We conclude that the proposed methodology can serve as an observatory tool for the EEG connectivity patterns across subjects, providing a supplementary analysis of the existing topography techniques.

1. Introduction

The microstructure of EEG has long been associated with neurophysiological functions and abnormalities of the brain. Microstructural graphoelements, such as the sleep spindle and K-complex (KC) appear to be linked with cognitive faculties (Fogel and Smith, 2011), intelligence (Knoblauch et al., 2003) and aging (Crowley et al., 2002). Moreover, certain EEG aspects of abnormal microstructural manifestations, such as the spike and wave discharge (SWD), play a key role in the identification of a variety of epilepsy-related syndromes (Pizzo et al., 2016) and disorders (Beniczky et al., 2013).

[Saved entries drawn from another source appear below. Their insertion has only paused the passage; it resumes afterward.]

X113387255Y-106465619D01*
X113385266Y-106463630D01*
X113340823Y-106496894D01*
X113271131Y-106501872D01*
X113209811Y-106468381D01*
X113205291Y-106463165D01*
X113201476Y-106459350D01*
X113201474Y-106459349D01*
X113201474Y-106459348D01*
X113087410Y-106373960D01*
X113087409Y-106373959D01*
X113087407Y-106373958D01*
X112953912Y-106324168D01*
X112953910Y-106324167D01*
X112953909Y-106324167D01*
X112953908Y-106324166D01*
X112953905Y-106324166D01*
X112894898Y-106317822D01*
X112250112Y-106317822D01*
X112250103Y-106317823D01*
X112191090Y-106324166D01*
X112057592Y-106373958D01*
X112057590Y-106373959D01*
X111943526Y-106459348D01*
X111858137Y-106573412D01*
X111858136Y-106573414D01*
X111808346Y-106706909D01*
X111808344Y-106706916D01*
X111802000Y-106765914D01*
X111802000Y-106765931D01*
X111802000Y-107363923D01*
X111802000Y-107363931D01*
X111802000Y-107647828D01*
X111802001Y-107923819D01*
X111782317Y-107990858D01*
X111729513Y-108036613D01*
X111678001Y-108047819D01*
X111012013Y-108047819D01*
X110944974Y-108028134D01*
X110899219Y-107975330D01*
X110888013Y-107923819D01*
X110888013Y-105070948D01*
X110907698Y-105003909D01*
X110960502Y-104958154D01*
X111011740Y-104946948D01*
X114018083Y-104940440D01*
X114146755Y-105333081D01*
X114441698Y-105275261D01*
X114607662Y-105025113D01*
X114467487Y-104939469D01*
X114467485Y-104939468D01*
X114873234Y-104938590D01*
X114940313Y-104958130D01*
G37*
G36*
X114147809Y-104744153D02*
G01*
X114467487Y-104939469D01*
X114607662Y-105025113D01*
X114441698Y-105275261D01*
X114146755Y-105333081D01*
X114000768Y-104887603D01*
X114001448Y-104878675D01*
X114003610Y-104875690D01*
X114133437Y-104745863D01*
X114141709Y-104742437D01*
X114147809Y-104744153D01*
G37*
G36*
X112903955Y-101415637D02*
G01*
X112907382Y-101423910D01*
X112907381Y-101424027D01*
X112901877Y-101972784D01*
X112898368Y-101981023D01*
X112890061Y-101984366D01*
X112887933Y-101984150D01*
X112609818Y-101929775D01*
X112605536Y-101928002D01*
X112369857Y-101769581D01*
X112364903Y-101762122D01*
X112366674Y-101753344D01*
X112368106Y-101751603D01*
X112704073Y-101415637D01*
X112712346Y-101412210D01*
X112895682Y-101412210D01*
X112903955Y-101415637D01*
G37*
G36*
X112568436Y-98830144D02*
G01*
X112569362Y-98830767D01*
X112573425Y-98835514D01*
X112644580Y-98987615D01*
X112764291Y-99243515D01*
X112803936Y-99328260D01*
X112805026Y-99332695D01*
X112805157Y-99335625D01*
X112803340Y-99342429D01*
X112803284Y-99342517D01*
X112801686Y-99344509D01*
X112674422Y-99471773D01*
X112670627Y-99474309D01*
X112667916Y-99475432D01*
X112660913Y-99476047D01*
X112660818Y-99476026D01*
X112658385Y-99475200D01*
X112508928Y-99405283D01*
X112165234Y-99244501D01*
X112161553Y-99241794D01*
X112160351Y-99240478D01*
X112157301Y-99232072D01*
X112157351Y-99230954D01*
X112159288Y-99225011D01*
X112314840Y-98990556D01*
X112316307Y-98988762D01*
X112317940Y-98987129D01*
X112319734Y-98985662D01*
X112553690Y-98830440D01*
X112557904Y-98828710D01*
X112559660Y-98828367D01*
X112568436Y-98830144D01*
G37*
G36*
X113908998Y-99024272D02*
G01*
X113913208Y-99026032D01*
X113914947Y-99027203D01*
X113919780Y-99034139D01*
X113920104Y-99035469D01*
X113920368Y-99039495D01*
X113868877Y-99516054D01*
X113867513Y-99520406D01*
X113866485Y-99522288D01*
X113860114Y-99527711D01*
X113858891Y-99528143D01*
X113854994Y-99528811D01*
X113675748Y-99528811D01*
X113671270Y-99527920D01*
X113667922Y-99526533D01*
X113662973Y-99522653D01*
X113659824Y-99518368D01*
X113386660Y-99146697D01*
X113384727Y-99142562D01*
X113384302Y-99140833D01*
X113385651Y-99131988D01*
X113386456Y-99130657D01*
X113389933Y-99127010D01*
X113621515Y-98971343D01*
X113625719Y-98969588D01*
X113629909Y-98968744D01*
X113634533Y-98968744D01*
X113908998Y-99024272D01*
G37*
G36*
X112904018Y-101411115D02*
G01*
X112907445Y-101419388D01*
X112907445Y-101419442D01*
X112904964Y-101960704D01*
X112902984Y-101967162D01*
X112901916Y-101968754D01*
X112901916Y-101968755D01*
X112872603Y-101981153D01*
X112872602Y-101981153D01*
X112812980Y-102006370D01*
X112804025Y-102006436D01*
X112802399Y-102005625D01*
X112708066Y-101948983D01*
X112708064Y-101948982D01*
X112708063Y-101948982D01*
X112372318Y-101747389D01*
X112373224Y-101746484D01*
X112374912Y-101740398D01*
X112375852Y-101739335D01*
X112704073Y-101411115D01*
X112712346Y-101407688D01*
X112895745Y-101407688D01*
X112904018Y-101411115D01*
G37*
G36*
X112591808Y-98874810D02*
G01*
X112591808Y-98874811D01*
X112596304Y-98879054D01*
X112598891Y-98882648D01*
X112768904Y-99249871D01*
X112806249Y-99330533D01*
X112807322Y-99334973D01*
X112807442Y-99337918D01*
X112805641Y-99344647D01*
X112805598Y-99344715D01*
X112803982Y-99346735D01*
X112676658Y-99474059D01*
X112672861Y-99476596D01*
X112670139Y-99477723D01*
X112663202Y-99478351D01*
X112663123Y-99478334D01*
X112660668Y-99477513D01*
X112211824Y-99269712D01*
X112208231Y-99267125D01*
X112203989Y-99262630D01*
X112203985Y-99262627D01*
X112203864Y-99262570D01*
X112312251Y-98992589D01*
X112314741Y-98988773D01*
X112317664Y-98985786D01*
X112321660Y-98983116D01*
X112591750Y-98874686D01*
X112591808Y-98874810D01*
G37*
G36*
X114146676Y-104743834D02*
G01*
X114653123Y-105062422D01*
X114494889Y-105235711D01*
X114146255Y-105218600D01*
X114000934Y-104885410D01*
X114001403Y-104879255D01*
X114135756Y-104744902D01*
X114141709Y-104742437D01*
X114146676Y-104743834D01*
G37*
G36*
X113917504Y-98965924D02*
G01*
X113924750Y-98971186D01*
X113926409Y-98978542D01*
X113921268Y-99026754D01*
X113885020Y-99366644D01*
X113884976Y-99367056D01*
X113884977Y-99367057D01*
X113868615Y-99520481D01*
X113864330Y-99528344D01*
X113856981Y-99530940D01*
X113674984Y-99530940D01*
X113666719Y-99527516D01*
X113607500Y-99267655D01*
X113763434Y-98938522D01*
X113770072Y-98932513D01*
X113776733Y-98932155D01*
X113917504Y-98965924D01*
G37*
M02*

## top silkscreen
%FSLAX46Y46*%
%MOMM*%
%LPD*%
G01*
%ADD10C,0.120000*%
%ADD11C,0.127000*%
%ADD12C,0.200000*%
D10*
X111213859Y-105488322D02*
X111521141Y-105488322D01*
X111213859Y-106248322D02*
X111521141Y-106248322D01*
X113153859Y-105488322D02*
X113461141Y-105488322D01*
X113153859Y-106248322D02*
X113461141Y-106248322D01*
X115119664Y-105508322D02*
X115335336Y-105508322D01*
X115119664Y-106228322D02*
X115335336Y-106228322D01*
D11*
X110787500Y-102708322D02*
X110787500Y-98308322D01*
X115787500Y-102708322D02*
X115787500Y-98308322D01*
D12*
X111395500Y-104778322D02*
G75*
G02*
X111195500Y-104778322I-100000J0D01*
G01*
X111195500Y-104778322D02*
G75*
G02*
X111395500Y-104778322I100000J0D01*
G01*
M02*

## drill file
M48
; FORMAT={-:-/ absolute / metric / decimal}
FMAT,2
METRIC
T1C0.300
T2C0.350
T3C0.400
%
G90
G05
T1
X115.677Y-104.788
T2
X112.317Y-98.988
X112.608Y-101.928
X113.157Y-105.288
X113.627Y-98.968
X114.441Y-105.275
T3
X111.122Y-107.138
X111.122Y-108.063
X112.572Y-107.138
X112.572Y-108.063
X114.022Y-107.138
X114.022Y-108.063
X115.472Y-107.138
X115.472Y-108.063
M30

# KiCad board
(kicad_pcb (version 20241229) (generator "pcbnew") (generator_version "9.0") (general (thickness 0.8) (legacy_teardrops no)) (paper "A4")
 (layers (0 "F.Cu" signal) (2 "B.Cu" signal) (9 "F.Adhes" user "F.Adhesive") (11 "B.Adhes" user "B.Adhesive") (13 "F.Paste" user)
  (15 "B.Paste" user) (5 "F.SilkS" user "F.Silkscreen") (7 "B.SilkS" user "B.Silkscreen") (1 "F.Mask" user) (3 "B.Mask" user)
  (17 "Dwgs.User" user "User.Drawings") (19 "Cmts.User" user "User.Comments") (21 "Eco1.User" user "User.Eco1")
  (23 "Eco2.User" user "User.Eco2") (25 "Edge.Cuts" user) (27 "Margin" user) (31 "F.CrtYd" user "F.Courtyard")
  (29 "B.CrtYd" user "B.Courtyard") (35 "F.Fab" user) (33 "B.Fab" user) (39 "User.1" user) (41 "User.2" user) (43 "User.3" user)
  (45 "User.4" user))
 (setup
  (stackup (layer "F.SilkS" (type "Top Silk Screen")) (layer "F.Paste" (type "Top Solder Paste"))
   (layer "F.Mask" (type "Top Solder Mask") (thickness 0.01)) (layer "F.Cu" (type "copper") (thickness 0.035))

Computational analyses introduced in recent years, have aided the characterisation of EEG graphoelements. In this context, time-frequency techniques have shown the occurrence of fast sleep spindles to be prominent during non-REM stage 2 of sleep (NREM2) with temporal intra-cycle dynamics (i.e. with non-REM-REM transitions) and to progressively increase in number towards later cycles of sleep (Halász and Bódizs, 2013; Vyazovskiy et al., 2004). Through correlation techniques, spindles were shown to hold a contrariwise relation with delta waves (Dijk et al., 1993) and to associate both with slow and gamma-band oscillatory activity modulation (Ayoub et al., 2012; Spoormaker et al., 2011) with cross-frequency grouping (Steriade, 2006). Spindles have also been found to hold a dynamic relationship with other pathological and physiological EEG graphoelements, such as the SWD (Kostopoulos et al., 1981; Kostopoulos, 2000; Sitnikova, 2010) and the KC of NREM2 (Kokkinos and Kostopoulos, 2011; Kokkinos et al., 2013; Weigenand et al., 2016). Recent density and EEG-power topography studies of the latter showed a differentiation between patients with Alzheimer’s disease and older healthy individuals (De Gennaro et al., 2017).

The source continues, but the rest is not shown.